The majority of these genes (13 out of 15) showed 100% high homology to tannase sequences from Aspergillus uvarum CBS 121591, suggesting that they were inherited vertically or arose through gene duplication events within the A. uvarum lineage. However, the presence of two tannase genes with homology to sequences from Aspergillus brunneoviolaceus CBS 621.78 (92.3%) and Penicillium angulare IBT 30069 (87.2%) indicates possible horizontal gene transfer (HGT) events. These HGT events likely provided HT4 with additional tannase genes, enhancing its ability to degrade a broader range of tannins and adapt to specific environmental conditions. The acquisition of these genes from distantly related species highlights the evolutionary flexibility of fungi and their ability to integrate foreign genetic material to improve their metabolic capabilities.
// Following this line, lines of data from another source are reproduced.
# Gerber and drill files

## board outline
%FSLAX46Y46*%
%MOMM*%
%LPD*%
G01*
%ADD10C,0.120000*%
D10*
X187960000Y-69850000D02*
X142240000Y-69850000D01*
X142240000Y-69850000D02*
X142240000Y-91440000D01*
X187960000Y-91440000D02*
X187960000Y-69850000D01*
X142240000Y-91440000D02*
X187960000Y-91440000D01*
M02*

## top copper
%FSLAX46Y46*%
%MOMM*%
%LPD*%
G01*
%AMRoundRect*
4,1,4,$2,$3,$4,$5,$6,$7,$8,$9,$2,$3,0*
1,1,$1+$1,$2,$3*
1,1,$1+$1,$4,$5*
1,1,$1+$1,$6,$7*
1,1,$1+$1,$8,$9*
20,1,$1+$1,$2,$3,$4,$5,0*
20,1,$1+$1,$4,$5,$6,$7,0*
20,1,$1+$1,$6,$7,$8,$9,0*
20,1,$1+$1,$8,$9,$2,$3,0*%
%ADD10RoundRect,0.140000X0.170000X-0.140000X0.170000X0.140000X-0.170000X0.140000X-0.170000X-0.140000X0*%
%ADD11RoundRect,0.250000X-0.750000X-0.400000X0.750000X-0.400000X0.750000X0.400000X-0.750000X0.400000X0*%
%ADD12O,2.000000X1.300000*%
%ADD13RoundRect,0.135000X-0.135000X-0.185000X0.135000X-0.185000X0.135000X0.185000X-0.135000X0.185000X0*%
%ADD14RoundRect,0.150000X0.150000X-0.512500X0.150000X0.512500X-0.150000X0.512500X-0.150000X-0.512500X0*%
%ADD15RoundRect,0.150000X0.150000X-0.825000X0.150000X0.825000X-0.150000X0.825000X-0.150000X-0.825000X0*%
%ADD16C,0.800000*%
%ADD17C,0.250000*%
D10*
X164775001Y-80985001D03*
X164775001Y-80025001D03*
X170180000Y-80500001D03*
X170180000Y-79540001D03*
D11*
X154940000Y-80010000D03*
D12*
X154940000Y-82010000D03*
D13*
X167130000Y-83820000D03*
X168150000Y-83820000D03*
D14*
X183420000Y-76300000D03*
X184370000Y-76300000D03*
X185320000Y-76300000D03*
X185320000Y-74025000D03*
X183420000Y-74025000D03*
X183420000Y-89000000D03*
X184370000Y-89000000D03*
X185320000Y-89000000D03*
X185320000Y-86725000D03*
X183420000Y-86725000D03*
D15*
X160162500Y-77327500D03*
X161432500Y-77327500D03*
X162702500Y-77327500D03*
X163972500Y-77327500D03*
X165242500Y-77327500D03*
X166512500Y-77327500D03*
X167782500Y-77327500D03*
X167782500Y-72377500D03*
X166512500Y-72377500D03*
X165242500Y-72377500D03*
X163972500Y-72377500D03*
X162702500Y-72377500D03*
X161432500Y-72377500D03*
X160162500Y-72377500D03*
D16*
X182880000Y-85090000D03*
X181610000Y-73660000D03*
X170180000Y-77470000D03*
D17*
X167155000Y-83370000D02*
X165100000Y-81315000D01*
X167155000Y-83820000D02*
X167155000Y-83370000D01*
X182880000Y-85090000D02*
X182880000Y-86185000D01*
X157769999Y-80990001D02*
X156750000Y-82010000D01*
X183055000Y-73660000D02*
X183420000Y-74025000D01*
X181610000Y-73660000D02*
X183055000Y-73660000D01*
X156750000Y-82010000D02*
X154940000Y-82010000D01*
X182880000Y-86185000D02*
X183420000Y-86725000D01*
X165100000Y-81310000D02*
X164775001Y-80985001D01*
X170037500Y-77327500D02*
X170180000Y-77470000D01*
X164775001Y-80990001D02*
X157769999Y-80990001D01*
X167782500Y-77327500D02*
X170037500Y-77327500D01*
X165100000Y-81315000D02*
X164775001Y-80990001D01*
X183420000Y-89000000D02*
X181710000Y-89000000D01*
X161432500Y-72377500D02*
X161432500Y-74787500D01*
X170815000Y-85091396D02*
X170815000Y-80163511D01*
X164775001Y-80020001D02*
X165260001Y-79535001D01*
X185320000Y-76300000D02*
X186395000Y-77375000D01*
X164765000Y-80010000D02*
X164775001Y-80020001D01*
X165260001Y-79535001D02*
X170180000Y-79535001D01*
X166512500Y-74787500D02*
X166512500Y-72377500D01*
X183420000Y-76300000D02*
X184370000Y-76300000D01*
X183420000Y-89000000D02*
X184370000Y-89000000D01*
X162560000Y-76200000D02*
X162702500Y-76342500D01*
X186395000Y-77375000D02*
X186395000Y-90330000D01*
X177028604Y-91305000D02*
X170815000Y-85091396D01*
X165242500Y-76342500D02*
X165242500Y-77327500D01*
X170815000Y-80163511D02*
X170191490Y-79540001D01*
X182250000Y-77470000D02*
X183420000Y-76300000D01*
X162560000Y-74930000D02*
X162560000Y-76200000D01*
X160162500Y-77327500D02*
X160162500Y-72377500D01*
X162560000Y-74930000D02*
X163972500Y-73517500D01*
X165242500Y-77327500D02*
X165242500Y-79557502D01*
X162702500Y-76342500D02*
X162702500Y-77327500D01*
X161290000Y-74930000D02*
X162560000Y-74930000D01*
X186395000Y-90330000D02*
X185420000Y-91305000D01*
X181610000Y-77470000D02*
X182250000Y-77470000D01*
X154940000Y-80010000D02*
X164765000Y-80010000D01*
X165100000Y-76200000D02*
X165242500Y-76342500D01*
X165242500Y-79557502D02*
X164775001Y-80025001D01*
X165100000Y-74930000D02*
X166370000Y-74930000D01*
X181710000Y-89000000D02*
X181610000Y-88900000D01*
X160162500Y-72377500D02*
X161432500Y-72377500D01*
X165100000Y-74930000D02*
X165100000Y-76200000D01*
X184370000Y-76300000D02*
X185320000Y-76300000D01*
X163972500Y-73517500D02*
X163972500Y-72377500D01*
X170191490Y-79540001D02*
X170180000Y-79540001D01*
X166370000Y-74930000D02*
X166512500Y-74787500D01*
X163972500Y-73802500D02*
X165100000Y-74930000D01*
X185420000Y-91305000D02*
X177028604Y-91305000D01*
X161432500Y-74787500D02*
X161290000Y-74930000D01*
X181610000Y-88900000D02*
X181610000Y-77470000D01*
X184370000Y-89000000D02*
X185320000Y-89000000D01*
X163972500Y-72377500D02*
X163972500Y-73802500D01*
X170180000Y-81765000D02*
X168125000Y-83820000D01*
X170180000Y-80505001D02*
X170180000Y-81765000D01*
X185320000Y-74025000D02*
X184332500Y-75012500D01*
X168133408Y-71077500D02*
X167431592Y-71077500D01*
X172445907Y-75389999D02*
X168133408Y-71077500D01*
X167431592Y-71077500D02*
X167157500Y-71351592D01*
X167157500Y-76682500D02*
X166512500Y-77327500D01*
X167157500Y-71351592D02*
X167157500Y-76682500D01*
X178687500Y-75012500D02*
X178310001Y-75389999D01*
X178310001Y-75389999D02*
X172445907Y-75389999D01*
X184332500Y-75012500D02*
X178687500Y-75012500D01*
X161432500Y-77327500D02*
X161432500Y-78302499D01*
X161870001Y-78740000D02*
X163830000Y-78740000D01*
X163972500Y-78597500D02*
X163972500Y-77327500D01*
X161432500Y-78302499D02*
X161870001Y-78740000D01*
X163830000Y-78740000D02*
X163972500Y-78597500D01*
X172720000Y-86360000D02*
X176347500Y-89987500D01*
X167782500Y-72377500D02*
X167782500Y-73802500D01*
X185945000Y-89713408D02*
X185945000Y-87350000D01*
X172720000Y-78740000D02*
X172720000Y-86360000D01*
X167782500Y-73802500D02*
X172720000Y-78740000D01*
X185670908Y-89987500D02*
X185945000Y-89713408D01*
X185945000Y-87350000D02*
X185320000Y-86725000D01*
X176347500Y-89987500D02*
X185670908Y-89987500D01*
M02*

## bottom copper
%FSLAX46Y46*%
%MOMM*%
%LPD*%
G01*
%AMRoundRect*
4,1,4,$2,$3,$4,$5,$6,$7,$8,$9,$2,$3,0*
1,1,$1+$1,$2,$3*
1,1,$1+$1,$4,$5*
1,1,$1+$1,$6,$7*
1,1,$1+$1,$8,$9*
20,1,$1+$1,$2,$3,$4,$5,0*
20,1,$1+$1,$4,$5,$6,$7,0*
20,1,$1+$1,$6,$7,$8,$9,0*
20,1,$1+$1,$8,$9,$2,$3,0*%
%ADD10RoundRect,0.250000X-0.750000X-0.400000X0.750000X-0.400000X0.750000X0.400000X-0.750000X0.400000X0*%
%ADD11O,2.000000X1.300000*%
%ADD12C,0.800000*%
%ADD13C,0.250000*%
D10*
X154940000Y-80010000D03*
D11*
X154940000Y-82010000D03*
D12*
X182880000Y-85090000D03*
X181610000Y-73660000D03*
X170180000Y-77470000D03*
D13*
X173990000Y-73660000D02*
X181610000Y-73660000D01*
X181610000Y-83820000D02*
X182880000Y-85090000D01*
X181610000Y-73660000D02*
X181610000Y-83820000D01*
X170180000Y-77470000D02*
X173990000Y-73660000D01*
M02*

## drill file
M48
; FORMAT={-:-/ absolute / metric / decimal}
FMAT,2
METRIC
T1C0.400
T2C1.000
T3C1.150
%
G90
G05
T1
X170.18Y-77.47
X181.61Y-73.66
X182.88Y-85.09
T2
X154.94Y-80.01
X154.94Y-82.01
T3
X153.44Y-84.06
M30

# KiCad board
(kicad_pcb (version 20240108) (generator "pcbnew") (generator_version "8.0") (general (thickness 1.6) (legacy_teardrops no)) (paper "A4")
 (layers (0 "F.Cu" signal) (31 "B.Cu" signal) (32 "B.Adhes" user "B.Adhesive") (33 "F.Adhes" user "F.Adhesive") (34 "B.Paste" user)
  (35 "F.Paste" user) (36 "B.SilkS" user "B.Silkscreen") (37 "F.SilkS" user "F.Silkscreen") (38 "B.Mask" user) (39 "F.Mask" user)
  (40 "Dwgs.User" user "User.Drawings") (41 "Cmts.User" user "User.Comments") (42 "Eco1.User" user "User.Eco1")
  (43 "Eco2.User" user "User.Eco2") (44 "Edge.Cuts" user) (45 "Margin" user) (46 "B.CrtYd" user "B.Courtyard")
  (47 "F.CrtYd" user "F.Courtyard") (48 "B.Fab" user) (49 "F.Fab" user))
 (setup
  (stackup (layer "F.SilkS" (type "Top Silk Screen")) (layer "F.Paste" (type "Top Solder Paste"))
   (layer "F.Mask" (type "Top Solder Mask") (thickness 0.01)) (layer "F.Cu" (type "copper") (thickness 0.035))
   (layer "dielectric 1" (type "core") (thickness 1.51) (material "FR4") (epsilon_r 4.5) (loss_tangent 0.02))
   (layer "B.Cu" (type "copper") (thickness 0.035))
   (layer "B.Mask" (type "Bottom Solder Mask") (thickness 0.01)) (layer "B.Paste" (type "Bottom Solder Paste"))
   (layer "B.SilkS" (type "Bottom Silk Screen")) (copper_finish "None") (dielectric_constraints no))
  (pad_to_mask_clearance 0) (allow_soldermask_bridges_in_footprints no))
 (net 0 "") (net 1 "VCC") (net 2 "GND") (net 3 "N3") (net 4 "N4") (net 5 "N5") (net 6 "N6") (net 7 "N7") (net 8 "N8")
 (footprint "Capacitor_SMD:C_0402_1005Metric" (layer "F.Cu") (at 164.775001 80.505001 90)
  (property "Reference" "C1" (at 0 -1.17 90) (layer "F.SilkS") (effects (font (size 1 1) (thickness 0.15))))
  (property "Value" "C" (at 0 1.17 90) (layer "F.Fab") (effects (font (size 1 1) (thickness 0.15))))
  (pad "1" smd roundrect (at -0.48 0 90) (size 0.56 0.62) (layers "F.Cu" "F.Paste" "F.Mask") (roundrect_rratio 0.25) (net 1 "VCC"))
  (pad "2" smd roundrect (at 0.48 0 90) (size 0.56 0.62) (layers "F.Cu" "F.Paste" "F.Mask") (roundrect_rratio 0.25) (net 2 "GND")))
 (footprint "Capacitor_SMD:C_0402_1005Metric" (layer "F.Cu") (at 170.18 80.020001 90)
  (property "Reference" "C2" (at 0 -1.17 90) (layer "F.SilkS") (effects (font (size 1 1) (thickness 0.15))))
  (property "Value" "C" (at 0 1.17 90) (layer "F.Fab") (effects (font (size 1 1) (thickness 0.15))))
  (pad "1" smd roundrect (at -0.48 0 90) (size 0.56 0.62) (layers "F.Cu" "F.Paste" "F.Mask") (roundrect_rratio 0.25) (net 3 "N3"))
  (pad "2" smd roundrect (at 0.48 0 90) (size 0.56 0.62) (layers "F.Cu" "F.Paste" "F.Mask") (roundrect_rratio 0.25) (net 2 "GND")))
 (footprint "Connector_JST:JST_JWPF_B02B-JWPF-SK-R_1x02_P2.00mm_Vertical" (layer "F.Cu") (at 154.94 80.01)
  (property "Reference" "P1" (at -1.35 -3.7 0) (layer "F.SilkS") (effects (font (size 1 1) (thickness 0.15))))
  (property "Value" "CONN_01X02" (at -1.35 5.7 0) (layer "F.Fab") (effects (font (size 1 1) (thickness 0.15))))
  (pad "" np_thru_hole circle (at -1.5 4.05) (size 1.15 1.15) (drill 1.15) (layers "*.Cu" "*.Mask"))
  (pad "1" thru_hole roundrect (at 0 0) (size 2 1.3) (drill 1) (layers "*.Cu" "*.Mask") (remove_unused_layers no)
   (roundrect_rratio 0.192308) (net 2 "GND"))
  (pad "2" thru_hole oval (at 0 2) (size 2 1.3) (drill 1) (layers "*.Cu" "*.Mask") (remove_unused_layers no) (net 1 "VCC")))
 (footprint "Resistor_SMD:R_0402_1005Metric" (layer "F.Cu") (at 167.64 83.82)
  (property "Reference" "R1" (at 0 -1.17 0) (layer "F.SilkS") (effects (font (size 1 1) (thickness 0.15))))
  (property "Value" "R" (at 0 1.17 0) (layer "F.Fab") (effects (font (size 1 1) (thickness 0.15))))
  (pad "1" smd roundrect (at -0.51 0) (size 0.54 0.64) (layers "F.Cu" "F.Paste" "F.Mask") (roundrect_rratio 0.25) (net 1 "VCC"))
  (pad "2" smd roundrect (at 0.51 0) (size 0.54 0.64) (layers "F.Cu" "F.Paste" "F.Mask") (roundrect_rratio 0.25) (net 3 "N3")))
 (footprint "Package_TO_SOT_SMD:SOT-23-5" (layer "F.Cu") (at 184.37 75.1625 90)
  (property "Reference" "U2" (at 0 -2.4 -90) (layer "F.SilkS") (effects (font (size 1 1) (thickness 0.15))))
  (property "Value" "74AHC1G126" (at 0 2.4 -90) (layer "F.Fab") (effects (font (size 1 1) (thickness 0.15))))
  (pad "1" smd roundrect (at -1.1375 -0.95 90) (size 1.325 0.6) (layers "F.Cu" "F.Paste" "F.Mask") (roundrect_rratio 0.25) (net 2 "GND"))
  (pad "2" smd roundrect (at -1.1375 0 90) (size 1.325 0.6) (layers "F.Cu" "F.Paste" "F.Mask") (roundrect_rratio 0.25) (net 2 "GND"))
  (pad "3" smd roundrect (at -1.1375 0.95 90) (size 1.325 0.6) (layers "F.Cu" "F.Paste" "F.Mask") (roundrect_rratio 0.25) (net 2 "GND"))
  (pad "4" smd roundrect (at 1.1375 0.95 90) (size 1.325 0.6) (layers "F.Cu" "F.Paste" "F.Mask") (roundrect_rratio 0.25) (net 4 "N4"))
  (pad "5" smd roundrect (at 1.1375 -0.95 90) (size 1.325 0.6) (layers "F.Cu" "F.Paste" "F.Mask") (roundrect_rratio 0.25) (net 1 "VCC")))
Despite the presence of 15 tannase genes in the genome, only two tannases were detected in the culture supernatants under the experimental conditions used in this study, as confirmed by LC–MS/MS analysis. This discrepancy between gene presence and protein expression suggests that not all tannase genes are actively transcribed and translated under the given conditions. The detection of only two tannases may be due to regulatory mechanisms that control gene expression in response to specific environmental cues, such as the type and concentration of tannins present in the medium. Alternatively, the other tannase genes may be expressed at low levels, or under different conditions or in response to other stressors, highlighting the need for further studies to explore the regulatory networks governing tannase expression in HT4.
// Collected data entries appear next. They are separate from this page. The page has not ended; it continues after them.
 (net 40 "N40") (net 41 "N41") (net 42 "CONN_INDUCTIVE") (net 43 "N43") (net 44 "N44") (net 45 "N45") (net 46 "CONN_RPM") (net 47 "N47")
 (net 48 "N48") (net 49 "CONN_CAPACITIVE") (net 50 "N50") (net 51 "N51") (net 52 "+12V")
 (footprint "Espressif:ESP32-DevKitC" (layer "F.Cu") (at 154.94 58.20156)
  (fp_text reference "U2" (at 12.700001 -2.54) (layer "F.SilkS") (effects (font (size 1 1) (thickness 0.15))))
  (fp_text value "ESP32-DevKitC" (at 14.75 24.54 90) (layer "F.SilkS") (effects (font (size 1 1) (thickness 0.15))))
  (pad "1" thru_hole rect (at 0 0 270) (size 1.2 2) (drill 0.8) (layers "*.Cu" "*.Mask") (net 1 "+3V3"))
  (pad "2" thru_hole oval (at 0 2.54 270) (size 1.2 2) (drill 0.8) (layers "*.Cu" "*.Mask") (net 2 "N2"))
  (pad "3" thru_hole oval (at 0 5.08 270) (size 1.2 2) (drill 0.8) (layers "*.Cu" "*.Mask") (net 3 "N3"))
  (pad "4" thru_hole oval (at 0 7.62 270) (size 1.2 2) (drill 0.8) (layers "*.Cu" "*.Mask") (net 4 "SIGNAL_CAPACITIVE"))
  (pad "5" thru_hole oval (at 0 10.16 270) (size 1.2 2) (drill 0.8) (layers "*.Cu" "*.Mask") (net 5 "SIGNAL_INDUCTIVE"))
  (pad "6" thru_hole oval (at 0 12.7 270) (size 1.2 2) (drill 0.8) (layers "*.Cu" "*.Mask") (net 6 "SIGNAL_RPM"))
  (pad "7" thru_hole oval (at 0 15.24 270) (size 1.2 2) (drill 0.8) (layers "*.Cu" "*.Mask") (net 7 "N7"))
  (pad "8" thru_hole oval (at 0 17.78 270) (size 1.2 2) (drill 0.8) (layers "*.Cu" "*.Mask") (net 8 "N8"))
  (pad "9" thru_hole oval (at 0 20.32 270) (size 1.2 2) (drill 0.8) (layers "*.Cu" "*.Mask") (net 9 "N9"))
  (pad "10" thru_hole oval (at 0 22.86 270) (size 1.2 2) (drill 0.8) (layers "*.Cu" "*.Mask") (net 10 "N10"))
The characterization of the HT4 secretome under tannin-rich conditions provided valuable insight into the metabolic strategies employed by this strain. Proteomic analysis identified 35 proteins in the culture supernatant, 16 of which were predicted to be secretory based on SignalP analysis. The functional classification of these secretory proteins revealed a predominance of hydrolytic enzymes, such as esterases and glycoside hydrolases, including the two confirmed tannase isoforms. This enzymatic profile reflects fungal adaptation to metabolize complex phenolic substrates, suggesting that A. uvarum HT4 remodels its extracellular environment to access carbon sources bound within recalcitrant plant polymers. The observed protein composition is characteristic of saprophytic fungi occupying lignocellulose-rich ecological niches. [40] Moreover, the selective expression of only a subset of the predicted tannases supports the hypothesis of environmentally responsive regulation and highlights the dynamic nature of the HT4 secretome.
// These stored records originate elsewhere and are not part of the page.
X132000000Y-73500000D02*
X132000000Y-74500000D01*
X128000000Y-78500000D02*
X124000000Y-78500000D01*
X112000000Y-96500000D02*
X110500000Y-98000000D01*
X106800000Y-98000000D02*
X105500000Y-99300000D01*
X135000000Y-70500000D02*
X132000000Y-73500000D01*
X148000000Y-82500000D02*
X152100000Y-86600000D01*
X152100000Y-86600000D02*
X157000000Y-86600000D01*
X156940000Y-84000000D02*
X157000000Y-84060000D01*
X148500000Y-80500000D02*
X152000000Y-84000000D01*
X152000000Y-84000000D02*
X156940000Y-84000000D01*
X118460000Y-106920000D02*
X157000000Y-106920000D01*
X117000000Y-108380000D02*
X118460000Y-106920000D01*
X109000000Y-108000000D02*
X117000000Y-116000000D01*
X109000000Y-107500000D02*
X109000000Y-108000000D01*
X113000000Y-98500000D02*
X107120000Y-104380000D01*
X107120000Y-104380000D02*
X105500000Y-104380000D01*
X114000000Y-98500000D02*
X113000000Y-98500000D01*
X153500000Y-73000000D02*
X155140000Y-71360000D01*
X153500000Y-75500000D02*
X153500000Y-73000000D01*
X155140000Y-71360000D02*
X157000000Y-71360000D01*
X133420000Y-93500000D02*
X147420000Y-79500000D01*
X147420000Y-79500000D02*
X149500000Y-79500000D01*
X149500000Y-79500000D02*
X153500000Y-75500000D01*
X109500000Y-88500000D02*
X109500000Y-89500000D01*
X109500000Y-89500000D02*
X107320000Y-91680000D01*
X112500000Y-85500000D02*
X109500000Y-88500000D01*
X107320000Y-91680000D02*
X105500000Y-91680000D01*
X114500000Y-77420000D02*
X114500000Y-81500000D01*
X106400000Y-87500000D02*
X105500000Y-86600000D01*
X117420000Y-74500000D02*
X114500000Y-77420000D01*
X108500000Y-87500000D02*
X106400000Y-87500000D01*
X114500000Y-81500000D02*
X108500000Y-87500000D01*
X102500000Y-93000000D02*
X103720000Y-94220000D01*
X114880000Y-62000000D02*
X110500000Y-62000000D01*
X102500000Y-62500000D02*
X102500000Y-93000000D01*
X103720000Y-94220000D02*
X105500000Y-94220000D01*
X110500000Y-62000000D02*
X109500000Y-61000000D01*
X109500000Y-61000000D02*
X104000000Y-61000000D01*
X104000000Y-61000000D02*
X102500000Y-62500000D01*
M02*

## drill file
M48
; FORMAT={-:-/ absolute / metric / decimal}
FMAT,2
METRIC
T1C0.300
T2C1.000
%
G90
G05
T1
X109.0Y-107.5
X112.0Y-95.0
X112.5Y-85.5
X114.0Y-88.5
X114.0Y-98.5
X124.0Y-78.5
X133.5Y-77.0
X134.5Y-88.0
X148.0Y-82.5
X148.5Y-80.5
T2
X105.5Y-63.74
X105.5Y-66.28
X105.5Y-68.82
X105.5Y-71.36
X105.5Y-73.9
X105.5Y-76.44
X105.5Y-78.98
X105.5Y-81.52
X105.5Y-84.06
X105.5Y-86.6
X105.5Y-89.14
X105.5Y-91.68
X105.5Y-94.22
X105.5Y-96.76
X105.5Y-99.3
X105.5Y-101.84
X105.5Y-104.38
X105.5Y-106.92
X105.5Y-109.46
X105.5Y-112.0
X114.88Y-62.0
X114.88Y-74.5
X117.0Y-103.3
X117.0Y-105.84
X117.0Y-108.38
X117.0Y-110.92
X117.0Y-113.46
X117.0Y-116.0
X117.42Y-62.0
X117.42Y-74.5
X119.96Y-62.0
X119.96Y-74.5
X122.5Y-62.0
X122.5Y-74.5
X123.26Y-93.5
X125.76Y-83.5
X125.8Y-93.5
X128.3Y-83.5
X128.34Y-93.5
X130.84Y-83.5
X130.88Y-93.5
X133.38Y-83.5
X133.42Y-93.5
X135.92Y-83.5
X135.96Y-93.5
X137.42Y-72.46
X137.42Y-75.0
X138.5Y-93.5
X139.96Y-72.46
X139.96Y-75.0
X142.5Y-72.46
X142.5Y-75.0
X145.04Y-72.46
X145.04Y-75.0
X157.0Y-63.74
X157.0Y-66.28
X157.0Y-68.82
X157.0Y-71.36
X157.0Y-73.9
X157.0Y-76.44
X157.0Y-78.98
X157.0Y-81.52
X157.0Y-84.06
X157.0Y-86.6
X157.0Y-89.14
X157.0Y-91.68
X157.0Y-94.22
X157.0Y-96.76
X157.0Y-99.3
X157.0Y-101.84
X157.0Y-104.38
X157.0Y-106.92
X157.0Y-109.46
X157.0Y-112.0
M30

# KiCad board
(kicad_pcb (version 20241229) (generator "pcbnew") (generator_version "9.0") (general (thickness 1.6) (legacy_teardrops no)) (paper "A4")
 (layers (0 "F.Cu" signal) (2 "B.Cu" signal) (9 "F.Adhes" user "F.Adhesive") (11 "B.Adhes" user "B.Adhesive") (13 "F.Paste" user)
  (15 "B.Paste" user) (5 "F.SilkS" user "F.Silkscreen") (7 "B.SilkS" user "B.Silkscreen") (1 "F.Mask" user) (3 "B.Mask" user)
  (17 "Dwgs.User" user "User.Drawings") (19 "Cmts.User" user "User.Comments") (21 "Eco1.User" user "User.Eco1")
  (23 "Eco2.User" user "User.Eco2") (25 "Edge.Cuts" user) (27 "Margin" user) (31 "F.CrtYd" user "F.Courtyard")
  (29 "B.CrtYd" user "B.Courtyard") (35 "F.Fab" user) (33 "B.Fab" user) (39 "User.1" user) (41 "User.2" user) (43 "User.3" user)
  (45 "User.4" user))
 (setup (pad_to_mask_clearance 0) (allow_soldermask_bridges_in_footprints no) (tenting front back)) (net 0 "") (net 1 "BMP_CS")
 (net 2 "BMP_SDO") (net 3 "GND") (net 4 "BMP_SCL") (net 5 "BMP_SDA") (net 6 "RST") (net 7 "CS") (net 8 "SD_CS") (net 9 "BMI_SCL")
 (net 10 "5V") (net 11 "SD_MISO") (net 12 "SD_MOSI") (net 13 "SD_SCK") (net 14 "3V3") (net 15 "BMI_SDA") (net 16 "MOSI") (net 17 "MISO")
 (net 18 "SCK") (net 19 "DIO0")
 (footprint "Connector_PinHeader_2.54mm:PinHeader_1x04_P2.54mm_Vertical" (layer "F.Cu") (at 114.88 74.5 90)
In conclusion, the combined phenotypic, enzymatic, and genomic data presented here underscore the potential of Aspergillus uvarum HT4 as a robust and safe producer of tannase. Its lack of major mycotoxin biosynthetic pathways, together with a diverse secondary metabolite repertoire and multiple tannase gene candidates, makes it an attractive platform for biotechnological development. Future work should aim to optimize culture conditions, explore expression of cryptic BGCs, and evaluate the full metabolic potential of HT4 across industrial, food, and pharmaceutical applications.